#### What you are asked to do:
I would like the number of lines in the data that contain the word "general". Please give that number alone.

#### The input:
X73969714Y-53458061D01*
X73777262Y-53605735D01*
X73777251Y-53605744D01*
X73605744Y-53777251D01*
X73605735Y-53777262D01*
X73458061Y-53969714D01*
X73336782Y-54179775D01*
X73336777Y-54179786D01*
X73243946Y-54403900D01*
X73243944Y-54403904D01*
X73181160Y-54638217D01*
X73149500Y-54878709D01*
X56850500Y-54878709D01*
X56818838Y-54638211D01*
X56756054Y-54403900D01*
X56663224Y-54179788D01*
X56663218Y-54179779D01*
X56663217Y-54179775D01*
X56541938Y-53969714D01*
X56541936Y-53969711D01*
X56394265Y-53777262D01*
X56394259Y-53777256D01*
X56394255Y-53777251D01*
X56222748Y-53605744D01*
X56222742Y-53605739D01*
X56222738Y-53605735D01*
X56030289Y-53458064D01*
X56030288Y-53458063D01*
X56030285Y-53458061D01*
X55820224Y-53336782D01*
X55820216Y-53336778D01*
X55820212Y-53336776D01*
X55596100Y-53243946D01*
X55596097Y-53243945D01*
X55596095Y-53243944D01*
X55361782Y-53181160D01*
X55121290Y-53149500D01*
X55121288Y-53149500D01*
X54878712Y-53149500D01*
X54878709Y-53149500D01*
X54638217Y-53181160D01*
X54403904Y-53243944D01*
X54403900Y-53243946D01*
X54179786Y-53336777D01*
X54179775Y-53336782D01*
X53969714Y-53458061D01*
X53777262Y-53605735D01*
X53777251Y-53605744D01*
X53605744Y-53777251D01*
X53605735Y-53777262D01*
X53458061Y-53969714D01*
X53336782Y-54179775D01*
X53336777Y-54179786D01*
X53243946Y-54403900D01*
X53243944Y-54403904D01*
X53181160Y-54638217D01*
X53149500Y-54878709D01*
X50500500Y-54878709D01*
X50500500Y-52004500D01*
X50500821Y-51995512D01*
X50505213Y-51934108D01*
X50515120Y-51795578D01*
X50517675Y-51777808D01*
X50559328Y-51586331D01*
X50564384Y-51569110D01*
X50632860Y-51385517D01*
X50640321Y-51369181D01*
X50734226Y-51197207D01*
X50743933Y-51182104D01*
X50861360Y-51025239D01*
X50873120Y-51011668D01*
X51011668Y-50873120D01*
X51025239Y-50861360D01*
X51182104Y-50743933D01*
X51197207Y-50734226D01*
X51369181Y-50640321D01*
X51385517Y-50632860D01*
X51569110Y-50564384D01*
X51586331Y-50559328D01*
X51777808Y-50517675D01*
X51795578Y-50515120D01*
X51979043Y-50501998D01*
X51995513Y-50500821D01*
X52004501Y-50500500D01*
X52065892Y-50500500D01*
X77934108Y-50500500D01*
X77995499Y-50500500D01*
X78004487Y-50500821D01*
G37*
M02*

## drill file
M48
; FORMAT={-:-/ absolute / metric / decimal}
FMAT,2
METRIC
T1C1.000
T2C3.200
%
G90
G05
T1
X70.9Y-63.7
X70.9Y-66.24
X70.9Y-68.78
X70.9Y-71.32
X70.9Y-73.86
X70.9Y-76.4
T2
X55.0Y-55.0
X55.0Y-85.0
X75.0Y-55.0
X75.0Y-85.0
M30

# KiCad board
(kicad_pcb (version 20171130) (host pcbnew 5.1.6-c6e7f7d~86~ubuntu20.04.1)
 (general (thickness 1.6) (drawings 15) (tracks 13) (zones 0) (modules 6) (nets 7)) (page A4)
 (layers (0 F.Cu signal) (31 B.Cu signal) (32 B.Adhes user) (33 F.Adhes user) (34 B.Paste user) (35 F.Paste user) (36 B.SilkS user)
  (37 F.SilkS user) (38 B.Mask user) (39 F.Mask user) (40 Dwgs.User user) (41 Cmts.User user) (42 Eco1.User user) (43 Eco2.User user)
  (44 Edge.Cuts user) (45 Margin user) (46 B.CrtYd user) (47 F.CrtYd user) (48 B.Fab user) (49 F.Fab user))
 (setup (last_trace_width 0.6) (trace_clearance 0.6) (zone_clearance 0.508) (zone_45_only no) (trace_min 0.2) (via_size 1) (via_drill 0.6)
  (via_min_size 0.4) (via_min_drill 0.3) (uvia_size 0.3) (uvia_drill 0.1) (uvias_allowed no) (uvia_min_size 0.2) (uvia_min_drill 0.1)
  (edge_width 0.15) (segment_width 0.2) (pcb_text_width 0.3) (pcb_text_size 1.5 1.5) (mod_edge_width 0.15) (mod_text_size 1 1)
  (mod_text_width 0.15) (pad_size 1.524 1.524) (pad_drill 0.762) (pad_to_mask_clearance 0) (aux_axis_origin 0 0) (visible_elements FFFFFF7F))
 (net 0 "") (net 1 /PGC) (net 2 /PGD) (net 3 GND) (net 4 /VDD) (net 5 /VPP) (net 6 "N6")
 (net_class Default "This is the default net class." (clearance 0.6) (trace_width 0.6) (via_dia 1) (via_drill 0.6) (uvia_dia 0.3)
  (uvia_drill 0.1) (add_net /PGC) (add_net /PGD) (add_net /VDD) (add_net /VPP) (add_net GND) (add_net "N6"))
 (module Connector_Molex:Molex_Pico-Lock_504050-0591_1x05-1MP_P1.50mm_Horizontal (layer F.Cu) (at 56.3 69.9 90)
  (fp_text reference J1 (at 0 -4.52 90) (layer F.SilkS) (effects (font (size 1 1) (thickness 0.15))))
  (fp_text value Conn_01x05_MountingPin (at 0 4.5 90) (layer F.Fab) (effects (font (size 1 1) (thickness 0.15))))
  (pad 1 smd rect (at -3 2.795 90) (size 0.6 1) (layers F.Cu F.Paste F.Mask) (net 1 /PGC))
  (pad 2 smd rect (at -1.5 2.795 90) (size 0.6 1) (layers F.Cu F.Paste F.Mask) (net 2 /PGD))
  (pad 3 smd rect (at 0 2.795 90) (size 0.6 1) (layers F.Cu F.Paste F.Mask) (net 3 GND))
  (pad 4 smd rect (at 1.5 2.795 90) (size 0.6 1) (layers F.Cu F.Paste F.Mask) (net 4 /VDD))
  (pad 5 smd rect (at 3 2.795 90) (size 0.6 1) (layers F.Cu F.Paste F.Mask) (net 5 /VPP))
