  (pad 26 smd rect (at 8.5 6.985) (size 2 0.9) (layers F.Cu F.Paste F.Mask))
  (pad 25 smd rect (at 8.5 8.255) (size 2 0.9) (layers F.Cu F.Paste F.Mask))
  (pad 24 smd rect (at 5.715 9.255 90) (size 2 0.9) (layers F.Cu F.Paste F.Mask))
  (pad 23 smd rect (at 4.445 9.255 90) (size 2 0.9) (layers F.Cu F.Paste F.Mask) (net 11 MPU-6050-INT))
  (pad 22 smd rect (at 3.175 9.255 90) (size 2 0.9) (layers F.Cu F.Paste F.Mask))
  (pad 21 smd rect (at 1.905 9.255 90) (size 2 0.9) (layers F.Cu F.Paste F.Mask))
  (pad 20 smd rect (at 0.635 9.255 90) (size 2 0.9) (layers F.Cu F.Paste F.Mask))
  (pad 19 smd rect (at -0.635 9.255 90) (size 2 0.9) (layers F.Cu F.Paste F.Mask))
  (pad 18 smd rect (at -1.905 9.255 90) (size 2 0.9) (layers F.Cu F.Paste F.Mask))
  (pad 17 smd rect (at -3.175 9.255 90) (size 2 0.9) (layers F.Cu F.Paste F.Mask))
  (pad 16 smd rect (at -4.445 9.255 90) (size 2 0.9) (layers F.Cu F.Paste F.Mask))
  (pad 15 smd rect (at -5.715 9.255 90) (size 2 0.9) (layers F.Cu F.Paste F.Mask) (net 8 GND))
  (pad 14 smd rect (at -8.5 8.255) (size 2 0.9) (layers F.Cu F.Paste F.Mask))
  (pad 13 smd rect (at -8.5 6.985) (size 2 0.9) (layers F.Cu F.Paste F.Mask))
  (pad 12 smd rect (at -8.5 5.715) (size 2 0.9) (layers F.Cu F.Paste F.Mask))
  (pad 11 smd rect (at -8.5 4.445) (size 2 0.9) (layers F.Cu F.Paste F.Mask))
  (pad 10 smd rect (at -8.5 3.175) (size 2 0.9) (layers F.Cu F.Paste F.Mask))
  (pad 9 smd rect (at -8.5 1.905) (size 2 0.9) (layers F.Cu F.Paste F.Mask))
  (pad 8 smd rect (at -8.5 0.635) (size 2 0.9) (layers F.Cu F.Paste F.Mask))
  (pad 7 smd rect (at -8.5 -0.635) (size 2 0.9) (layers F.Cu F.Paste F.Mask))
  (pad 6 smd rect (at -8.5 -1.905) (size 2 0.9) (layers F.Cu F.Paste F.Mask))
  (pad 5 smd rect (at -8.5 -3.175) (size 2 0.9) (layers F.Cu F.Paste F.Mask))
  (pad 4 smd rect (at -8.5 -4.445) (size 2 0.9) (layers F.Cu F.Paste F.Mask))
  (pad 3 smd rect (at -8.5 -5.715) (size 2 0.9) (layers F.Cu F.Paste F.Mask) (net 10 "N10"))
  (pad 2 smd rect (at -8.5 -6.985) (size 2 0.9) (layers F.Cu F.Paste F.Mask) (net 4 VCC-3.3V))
* * *
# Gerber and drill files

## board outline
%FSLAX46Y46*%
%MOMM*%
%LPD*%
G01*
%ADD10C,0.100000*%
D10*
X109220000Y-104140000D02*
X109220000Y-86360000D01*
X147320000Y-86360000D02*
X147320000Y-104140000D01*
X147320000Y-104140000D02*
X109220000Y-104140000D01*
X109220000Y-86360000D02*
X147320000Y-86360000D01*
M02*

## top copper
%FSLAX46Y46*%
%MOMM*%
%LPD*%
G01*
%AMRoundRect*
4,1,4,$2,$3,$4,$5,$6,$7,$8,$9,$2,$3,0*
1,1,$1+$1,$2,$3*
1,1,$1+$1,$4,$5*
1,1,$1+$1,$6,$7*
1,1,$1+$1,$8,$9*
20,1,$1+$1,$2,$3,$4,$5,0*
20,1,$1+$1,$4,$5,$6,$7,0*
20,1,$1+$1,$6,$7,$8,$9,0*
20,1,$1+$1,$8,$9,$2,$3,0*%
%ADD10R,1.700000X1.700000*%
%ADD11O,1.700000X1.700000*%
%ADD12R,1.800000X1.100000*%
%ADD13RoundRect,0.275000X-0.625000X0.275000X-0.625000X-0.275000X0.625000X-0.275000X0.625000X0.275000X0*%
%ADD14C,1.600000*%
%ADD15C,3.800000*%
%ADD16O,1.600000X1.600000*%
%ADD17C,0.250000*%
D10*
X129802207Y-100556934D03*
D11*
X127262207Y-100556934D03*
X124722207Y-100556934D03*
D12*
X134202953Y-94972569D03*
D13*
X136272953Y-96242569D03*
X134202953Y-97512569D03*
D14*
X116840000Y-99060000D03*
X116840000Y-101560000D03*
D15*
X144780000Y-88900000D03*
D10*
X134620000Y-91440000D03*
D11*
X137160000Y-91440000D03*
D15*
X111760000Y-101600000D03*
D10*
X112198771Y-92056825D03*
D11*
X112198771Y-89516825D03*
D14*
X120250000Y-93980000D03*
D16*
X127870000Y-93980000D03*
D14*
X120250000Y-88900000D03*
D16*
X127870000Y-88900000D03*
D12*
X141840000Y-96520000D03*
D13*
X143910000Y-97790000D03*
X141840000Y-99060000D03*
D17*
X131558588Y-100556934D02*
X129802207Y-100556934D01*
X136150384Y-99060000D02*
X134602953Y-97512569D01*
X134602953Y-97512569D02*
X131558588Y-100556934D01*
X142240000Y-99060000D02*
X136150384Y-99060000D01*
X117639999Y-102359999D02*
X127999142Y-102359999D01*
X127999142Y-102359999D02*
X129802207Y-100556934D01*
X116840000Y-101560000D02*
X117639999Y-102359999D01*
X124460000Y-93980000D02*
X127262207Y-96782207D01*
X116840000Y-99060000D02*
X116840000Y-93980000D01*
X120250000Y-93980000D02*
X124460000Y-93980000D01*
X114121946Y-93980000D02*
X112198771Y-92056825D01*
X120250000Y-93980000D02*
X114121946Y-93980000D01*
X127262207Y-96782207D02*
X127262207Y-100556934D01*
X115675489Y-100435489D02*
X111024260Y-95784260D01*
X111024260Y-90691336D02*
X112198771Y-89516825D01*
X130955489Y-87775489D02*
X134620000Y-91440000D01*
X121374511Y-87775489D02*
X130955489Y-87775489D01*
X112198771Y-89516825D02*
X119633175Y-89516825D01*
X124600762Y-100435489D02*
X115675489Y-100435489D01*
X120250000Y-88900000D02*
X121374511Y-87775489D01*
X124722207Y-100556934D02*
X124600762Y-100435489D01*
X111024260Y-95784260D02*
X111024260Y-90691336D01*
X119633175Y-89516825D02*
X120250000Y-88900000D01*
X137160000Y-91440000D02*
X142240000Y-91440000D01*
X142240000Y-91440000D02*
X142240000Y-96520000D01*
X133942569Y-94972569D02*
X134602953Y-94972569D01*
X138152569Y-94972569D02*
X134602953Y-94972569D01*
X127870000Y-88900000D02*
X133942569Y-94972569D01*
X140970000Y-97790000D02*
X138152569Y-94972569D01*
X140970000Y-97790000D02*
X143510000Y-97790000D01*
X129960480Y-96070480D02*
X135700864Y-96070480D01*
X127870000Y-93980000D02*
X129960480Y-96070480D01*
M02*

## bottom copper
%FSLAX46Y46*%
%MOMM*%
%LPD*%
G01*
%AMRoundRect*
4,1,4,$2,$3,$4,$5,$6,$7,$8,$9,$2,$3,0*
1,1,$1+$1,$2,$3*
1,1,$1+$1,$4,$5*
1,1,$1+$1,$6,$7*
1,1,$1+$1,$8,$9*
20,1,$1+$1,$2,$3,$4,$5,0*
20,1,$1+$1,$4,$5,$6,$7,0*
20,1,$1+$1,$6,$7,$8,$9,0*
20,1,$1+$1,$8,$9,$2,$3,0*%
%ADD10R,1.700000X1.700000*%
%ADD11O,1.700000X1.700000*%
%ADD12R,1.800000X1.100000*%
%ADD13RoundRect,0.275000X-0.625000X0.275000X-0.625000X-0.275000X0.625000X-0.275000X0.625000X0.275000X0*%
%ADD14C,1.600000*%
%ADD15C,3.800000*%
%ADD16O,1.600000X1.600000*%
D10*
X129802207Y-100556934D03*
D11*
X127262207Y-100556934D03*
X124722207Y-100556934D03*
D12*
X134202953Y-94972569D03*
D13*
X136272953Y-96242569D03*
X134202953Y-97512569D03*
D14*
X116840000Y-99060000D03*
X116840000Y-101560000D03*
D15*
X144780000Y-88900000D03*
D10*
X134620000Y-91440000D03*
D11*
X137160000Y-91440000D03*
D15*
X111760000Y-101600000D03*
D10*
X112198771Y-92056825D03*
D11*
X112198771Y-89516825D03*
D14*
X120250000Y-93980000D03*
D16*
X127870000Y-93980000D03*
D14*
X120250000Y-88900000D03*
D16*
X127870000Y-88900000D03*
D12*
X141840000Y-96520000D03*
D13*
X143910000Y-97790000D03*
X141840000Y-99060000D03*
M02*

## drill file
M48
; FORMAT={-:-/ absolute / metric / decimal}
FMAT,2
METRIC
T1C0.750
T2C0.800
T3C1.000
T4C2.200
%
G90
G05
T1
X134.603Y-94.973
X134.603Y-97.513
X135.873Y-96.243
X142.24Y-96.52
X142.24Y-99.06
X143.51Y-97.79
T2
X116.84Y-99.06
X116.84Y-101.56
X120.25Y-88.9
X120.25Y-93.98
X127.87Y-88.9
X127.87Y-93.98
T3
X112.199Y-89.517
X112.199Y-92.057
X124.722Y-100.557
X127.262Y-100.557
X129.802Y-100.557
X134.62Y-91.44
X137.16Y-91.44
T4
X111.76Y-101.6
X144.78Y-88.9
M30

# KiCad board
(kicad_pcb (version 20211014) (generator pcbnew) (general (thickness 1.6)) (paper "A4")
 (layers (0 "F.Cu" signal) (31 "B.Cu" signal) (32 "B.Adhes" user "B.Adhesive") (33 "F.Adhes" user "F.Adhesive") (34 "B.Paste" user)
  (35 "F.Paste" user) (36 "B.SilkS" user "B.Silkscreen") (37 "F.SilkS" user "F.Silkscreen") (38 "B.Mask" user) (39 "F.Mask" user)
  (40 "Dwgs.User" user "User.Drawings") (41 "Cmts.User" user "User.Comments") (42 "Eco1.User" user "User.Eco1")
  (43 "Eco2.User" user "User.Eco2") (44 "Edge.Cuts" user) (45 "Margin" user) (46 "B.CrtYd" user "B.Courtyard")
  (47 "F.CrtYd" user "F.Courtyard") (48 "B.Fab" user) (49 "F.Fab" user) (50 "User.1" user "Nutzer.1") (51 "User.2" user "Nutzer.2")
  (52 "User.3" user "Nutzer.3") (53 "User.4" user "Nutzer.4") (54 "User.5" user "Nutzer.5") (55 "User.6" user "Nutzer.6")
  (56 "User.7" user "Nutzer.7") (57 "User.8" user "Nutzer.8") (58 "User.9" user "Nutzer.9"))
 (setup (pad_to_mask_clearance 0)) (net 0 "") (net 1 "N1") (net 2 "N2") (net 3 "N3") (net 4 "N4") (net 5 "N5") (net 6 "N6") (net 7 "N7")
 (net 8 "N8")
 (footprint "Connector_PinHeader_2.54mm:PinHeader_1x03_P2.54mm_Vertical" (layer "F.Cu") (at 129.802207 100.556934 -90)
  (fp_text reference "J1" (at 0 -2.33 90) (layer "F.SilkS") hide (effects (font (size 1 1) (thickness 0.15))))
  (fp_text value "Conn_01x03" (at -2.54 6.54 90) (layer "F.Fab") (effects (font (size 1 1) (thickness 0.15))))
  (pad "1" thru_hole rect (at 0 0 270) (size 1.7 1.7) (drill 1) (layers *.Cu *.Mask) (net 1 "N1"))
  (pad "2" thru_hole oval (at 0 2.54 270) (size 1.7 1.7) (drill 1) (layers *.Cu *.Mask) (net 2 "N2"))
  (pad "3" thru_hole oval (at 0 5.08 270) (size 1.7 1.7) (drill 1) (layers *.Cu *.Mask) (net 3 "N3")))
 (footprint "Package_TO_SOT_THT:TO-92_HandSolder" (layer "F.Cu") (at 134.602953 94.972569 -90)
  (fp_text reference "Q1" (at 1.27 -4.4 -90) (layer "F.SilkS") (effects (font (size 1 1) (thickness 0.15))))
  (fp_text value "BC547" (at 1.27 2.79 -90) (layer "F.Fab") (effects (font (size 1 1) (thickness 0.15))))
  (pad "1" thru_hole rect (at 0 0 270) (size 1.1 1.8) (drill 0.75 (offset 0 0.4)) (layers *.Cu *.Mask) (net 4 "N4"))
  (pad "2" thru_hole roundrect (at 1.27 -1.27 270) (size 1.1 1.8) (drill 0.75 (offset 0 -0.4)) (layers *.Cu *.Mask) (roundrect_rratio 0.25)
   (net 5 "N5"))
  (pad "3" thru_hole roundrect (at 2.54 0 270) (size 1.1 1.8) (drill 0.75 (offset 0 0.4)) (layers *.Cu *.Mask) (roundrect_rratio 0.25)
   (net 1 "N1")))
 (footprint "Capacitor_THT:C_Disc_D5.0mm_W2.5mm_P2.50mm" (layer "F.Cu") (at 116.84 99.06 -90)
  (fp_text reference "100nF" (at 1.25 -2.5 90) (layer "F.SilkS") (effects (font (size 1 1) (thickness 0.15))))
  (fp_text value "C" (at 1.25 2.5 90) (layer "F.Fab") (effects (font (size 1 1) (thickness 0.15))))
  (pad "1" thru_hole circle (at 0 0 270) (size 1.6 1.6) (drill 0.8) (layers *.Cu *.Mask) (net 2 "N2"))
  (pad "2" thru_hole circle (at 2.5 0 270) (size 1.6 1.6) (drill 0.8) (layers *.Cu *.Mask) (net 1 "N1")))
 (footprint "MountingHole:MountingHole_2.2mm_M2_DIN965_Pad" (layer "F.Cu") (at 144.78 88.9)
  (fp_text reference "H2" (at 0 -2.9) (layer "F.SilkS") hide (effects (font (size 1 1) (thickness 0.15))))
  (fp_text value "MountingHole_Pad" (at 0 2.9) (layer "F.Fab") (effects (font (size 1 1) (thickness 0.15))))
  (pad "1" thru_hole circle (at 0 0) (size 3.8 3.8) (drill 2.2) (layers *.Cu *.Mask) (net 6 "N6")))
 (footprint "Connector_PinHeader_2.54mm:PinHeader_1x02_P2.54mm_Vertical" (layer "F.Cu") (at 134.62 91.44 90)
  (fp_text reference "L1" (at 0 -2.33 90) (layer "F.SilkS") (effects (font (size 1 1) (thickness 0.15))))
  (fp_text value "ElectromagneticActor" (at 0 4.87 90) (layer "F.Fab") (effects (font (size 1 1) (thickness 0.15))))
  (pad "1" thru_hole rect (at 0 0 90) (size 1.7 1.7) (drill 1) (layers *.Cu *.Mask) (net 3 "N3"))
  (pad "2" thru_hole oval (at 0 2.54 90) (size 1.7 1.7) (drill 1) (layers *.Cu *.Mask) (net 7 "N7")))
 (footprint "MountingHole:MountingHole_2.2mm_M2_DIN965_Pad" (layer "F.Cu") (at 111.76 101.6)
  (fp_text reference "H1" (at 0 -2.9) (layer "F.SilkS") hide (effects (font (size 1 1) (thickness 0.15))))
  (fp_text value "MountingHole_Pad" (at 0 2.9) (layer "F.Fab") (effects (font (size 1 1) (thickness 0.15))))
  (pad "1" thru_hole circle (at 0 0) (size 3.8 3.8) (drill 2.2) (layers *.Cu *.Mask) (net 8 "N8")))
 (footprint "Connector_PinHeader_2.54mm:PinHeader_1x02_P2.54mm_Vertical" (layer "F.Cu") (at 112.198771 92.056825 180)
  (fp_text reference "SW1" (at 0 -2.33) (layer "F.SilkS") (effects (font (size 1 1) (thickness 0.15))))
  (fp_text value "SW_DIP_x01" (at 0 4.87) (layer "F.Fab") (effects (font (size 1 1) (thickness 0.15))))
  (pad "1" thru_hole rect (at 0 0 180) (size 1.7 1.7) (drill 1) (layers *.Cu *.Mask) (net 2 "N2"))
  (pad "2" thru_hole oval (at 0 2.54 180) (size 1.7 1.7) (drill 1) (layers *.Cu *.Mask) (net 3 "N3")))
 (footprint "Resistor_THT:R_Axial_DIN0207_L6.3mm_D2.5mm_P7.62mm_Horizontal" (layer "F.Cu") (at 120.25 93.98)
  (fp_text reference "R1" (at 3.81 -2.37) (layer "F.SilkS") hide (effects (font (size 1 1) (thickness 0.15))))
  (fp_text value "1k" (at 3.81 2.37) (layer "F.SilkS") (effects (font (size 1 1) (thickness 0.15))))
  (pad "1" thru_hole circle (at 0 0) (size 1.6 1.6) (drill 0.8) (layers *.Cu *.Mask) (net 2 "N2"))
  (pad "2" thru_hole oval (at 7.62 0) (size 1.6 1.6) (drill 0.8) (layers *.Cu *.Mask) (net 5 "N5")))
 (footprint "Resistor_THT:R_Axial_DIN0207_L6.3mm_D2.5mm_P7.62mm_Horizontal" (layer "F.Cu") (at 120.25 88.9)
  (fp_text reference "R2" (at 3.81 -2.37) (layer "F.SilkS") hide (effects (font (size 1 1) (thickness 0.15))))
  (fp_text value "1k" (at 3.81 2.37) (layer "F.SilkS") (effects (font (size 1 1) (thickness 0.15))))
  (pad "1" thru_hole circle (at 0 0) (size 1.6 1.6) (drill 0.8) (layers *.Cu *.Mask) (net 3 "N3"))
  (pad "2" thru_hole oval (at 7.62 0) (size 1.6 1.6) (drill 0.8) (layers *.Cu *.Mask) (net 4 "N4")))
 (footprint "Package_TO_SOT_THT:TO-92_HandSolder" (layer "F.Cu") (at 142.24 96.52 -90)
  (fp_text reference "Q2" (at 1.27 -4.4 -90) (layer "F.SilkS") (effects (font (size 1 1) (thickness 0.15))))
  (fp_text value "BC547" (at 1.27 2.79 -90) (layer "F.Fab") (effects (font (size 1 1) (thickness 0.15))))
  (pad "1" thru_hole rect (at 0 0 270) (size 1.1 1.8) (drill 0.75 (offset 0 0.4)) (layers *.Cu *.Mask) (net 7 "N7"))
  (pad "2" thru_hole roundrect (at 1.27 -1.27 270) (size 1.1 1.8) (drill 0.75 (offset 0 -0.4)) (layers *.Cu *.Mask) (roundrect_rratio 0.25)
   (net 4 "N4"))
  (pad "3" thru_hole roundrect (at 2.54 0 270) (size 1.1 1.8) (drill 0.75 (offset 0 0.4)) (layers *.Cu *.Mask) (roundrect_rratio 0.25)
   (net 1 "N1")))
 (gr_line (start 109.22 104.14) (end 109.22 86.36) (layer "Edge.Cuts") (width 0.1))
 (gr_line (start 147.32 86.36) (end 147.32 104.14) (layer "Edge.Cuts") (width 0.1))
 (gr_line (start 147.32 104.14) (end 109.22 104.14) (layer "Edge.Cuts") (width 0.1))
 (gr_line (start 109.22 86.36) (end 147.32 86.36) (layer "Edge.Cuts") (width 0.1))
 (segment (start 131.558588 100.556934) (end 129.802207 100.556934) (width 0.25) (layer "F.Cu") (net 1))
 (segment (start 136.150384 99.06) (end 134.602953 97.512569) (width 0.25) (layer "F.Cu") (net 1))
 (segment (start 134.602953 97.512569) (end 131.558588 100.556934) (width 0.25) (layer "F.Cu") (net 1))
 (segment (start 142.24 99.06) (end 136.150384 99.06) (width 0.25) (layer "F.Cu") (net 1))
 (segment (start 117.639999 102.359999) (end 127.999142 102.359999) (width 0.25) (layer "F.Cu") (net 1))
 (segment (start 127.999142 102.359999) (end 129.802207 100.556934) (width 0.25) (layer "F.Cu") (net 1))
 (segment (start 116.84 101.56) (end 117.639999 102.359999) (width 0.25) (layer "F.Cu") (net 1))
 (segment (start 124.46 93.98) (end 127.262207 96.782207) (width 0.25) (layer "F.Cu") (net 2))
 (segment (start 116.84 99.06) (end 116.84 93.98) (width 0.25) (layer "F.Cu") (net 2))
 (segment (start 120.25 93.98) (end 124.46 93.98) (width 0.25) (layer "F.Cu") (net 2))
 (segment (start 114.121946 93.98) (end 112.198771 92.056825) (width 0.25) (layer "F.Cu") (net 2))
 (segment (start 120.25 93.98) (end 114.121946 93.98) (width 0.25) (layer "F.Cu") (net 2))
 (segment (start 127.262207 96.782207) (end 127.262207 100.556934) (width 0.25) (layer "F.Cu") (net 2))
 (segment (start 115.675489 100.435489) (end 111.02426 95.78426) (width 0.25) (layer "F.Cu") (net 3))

#### Solution to the exercise:
2